**Work instruction:** The line that contains "(pad_to_mask_clearance 0.0762))" marks the end: retype the data below exactly from its first line through that line.

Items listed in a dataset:
----------

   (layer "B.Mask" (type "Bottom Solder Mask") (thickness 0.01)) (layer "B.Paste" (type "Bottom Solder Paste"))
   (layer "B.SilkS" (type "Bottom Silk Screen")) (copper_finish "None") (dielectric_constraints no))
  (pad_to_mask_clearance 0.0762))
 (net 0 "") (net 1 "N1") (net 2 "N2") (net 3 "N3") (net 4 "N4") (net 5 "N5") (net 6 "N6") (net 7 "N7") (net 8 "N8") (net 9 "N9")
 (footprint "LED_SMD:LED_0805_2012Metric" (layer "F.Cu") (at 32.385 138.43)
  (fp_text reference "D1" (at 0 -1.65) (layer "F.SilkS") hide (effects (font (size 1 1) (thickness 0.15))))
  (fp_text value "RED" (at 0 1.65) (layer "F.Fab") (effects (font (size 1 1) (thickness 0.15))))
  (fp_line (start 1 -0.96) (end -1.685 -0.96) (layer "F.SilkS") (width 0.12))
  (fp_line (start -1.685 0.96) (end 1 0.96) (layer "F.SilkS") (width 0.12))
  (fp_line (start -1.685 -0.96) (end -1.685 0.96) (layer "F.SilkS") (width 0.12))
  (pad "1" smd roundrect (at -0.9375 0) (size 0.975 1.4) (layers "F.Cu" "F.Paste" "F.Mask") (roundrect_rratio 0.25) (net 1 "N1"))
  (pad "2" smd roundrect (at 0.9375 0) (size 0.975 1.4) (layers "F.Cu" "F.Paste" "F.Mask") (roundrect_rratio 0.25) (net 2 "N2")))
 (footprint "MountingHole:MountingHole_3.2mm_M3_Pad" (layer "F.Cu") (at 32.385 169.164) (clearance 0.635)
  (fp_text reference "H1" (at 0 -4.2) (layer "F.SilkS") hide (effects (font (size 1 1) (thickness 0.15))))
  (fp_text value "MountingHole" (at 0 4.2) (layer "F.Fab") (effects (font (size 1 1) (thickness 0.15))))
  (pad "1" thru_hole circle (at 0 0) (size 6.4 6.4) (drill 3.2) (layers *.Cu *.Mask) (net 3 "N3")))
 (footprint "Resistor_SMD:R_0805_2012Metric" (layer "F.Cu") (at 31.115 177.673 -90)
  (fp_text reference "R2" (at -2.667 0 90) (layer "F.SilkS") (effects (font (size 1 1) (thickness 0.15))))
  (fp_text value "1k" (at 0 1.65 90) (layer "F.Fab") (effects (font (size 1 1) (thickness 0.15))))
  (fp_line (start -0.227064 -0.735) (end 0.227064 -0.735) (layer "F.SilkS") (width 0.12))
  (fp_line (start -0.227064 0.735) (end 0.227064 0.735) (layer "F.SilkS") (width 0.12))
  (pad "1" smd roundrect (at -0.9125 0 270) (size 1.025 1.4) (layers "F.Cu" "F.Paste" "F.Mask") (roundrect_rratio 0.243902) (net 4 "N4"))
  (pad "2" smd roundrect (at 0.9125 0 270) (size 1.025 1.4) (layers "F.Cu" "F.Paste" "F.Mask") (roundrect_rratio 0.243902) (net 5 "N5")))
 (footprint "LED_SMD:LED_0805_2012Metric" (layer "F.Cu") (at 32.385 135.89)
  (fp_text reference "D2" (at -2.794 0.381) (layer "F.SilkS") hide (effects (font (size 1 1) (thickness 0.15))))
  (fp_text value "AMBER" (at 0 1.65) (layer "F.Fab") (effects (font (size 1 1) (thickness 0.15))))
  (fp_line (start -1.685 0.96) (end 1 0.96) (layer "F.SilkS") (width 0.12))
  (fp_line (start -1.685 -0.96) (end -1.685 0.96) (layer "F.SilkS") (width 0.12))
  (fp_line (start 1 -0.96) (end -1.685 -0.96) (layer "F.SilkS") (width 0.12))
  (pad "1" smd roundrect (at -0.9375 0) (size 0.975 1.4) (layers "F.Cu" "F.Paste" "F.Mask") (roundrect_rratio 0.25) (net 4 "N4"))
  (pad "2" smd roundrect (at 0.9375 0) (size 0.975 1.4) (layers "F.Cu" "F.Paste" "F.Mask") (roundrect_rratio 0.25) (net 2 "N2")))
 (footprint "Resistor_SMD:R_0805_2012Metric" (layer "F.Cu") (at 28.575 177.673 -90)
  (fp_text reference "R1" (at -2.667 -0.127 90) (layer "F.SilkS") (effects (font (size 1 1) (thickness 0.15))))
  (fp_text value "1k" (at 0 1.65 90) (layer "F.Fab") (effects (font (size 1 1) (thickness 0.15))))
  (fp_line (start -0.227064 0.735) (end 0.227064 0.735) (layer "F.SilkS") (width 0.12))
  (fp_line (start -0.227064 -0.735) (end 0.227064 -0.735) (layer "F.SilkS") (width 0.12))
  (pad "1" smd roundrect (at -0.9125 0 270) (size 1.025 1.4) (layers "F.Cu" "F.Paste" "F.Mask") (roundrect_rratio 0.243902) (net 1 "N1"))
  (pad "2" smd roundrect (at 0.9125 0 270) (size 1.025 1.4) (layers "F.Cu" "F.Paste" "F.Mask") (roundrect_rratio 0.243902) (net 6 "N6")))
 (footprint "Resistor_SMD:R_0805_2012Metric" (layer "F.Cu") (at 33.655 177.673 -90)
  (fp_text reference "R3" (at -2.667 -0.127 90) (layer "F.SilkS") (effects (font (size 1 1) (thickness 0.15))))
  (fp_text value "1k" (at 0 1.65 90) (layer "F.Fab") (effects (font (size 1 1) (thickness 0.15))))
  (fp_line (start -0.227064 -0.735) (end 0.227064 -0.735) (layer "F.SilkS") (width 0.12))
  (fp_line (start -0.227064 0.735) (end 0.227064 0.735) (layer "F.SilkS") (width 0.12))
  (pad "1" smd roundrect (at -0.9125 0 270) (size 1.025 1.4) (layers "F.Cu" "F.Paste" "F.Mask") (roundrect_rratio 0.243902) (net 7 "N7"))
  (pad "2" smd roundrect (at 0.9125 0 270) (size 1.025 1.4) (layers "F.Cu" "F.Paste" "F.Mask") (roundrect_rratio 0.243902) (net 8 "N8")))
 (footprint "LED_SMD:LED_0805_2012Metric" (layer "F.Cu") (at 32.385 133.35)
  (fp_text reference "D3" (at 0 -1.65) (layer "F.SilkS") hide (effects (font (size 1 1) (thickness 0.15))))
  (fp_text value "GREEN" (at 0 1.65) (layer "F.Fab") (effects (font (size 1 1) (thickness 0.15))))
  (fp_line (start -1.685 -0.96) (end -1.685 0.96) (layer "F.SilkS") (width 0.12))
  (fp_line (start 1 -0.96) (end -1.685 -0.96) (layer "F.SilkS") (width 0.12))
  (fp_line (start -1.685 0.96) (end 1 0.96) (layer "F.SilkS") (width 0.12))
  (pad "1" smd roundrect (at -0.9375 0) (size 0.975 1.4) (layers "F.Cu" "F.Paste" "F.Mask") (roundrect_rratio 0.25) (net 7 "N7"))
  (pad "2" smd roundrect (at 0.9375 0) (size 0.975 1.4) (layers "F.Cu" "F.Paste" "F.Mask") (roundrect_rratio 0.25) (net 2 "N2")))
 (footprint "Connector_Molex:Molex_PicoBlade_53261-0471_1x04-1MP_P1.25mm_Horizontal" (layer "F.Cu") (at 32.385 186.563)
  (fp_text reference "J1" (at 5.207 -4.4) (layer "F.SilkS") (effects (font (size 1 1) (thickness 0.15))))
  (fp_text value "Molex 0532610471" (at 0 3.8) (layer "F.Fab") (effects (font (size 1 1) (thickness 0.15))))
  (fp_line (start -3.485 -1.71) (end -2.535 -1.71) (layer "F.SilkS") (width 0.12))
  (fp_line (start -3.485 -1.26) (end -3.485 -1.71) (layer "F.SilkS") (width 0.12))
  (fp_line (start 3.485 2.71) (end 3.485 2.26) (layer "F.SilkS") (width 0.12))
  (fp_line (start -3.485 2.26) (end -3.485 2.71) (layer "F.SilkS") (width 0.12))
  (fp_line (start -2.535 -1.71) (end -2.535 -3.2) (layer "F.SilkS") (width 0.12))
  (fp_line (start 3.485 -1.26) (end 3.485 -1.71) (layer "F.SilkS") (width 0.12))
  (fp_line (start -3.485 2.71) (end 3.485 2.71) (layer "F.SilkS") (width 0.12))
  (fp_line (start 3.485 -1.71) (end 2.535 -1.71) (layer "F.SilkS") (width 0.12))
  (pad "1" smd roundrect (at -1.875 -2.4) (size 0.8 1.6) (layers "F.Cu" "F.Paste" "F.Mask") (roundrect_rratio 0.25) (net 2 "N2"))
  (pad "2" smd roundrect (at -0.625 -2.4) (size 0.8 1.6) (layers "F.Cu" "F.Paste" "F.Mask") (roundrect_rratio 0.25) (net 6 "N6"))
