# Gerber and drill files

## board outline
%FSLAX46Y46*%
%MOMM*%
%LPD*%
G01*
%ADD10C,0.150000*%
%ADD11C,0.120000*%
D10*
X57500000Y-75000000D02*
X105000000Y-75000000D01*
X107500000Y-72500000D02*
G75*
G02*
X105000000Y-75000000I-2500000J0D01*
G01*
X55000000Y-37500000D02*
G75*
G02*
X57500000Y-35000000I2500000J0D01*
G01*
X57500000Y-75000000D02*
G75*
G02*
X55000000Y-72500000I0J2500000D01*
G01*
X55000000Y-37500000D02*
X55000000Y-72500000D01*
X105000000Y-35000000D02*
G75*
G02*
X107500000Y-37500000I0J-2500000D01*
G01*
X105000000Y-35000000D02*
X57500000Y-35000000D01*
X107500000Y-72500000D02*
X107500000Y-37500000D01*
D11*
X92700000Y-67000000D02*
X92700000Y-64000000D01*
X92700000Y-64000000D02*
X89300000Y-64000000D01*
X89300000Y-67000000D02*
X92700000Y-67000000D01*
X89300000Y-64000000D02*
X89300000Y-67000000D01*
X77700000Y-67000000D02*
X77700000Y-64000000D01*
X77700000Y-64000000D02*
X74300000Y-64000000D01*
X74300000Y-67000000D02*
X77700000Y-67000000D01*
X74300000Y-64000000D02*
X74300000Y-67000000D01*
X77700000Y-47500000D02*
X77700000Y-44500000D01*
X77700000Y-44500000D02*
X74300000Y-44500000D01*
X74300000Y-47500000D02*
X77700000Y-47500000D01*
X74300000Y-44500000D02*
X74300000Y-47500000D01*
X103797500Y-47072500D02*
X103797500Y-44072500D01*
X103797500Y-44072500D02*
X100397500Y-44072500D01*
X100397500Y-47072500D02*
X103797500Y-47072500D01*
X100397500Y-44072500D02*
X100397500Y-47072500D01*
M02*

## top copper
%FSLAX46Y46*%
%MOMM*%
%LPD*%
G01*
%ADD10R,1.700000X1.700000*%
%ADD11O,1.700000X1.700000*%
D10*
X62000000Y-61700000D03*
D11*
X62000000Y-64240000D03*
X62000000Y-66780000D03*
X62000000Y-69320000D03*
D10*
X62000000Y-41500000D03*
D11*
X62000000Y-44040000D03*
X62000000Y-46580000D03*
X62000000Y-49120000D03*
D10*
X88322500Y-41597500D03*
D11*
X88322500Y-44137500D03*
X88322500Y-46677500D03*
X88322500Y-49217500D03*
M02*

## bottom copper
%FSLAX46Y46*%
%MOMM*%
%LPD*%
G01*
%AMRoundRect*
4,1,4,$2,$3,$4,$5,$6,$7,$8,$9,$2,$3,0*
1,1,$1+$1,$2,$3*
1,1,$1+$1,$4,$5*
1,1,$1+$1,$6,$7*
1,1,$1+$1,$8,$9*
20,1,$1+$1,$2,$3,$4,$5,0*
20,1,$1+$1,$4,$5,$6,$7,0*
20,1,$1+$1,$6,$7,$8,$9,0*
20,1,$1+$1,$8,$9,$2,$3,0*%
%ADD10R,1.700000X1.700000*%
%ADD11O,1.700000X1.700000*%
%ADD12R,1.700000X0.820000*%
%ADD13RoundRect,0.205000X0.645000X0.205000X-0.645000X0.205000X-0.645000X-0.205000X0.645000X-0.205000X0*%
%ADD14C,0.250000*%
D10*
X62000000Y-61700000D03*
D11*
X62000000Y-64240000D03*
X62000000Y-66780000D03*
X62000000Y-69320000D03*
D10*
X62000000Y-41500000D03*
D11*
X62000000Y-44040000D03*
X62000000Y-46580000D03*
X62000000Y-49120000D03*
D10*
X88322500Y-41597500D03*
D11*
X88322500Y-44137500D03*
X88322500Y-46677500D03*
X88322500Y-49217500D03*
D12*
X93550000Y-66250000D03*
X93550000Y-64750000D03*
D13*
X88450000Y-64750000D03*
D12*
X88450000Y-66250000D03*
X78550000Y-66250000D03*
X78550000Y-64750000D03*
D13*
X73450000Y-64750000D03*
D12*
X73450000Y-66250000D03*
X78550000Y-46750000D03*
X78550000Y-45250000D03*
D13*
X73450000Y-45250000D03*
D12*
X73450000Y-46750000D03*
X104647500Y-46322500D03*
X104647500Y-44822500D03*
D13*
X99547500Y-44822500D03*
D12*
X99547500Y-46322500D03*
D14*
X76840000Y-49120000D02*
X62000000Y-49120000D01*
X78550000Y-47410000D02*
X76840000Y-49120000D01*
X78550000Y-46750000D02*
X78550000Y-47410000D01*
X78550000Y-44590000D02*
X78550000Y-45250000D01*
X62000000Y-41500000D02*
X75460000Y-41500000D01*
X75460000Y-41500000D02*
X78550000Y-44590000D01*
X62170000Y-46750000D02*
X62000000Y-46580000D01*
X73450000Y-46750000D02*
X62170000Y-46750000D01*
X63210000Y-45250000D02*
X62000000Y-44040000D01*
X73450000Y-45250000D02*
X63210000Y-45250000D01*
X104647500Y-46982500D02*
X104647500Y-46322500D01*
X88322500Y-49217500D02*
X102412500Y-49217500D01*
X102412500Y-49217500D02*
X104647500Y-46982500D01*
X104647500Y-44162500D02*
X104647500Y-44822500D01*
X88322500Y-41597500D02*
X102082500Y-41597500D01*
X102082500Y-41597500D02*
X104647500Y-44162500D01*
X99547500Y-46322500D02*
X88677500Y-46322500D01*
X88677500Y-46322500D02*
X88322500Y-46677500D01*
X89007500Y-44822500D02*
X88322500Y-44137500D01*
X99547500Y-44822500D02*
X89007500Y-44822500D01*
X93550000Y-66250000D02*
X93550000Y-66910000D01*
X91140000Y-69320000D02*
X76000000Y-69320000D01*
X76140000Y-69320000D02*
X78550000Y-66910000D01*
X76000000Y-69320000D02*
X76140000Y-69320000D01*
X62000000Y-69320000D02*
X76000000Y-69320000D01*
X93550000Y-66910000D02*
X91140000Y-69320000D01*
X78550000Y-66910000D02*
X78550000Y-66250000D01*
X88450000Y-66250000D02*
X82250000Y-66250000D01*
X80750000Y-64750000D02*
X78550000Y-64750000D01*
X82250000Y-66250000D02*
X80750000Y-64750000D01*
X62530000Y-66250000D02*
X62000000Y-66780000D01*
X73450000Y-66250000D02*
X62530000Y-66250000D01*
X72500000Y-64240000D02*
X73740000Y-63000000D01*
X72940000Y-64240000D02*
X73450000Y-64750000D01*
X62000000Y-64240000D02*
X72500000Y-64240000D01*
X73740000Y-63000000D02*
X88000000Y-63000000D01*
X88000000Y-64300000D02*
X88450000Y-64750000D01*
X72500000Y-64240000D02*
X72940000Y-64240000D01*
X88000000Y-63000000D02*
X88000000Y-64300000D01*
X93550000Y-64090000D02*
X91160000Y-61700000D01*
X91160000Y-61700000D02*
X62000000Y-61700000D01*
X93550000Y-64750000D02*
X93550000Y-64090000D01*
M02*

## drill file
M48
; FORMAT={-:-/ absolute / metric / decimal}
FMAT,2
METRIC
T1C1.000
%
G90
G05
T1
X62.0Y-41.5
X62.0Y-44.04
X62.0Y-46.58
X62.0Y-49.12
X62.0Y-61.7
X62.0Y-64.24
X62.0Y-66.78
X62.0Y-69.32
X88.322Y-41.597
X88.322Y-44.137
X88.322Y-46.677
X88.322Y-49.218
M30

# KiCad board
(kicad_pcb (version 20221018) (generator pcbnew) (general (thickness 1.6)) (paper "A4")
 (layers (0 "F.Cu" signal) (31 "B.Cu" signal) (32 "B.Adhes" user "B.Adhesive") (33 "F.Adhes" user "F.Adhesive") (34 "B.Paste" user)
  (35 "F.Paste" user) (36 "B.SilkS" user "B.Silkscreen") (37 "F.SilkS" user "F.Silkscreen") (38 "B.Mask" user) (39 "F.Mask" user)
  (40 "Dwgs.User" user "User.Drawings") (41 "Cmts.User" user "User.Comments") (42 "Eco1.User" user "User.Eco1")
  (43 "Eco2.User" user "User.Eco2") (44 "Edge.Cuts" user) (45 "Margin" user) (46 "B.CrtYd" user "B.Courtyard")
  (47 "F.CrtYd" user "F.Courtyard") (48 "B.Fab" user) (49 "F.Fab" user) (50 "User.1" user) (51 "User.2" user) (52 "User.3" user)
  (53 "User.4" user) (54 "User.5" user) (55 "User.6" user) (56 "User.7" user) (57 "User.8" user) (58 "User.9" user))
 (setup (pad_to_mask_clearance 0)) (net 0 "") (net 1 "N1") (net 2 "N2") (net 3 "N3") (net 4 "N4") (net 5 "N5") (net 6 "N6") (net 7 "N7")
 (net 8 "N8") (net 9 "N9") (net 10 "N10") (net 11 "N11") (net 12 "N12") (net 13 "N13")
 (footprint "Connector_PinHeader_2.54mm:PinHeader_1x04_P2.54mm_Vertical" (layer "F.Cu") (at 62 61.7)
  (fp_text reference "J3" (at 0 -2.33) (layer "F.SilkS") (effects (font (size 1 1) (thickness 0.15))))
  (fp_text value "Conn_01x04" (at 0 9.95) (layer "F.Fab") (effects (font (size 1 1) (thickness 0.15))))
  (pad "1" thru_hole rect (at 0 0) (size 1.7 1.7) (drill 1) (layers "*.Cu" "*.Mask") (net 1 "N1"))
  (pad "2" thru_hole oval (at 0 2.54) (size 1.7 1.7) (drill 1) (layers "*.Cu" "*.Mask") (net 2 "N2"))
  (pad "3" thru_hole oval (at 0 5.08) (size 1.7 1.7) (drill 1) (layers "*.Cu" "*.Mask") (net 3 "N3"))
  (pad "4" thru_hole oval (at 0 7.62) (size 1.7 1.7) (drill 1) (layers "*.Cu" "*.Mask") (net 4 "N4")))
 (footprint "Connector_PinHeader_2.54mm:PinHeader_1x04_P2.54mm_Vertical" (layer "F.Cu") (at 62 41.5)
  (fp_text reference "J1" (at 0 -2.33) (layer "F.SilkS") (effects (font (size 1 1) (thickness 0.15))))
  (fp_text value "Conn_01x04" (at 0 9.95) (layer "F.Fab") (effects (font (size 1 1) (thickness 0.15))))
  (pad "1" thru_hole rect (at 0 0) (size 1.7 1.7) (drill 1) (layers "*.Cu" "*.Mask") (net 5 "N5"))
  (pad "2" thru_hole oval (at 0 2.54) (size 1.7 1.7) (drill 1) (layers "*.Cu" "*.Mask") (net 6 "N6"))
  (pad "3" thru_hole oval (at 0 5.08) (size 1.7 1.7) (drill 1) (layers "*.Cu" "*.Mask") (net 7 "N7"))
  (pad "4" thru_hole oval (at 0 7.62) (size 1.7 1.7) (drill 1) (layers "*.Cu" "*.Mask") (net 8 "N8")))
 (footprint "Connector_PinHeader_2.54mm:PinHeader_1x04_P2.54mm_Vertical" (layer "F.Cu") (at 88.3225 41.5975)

----------

**Solution to the exercise:**
   (layer "B.Mask" (type "Bottom Solder Mask") (thickness 0.01)) (layer "B.Paste" (type "Bottom Solder Paste"))
   (layer "B.SilkS" (type "Bottom Silk Screen")) (copper_finish "None") (dielectric_constraints no))
  (pad_to_mask_clearance 0.0762))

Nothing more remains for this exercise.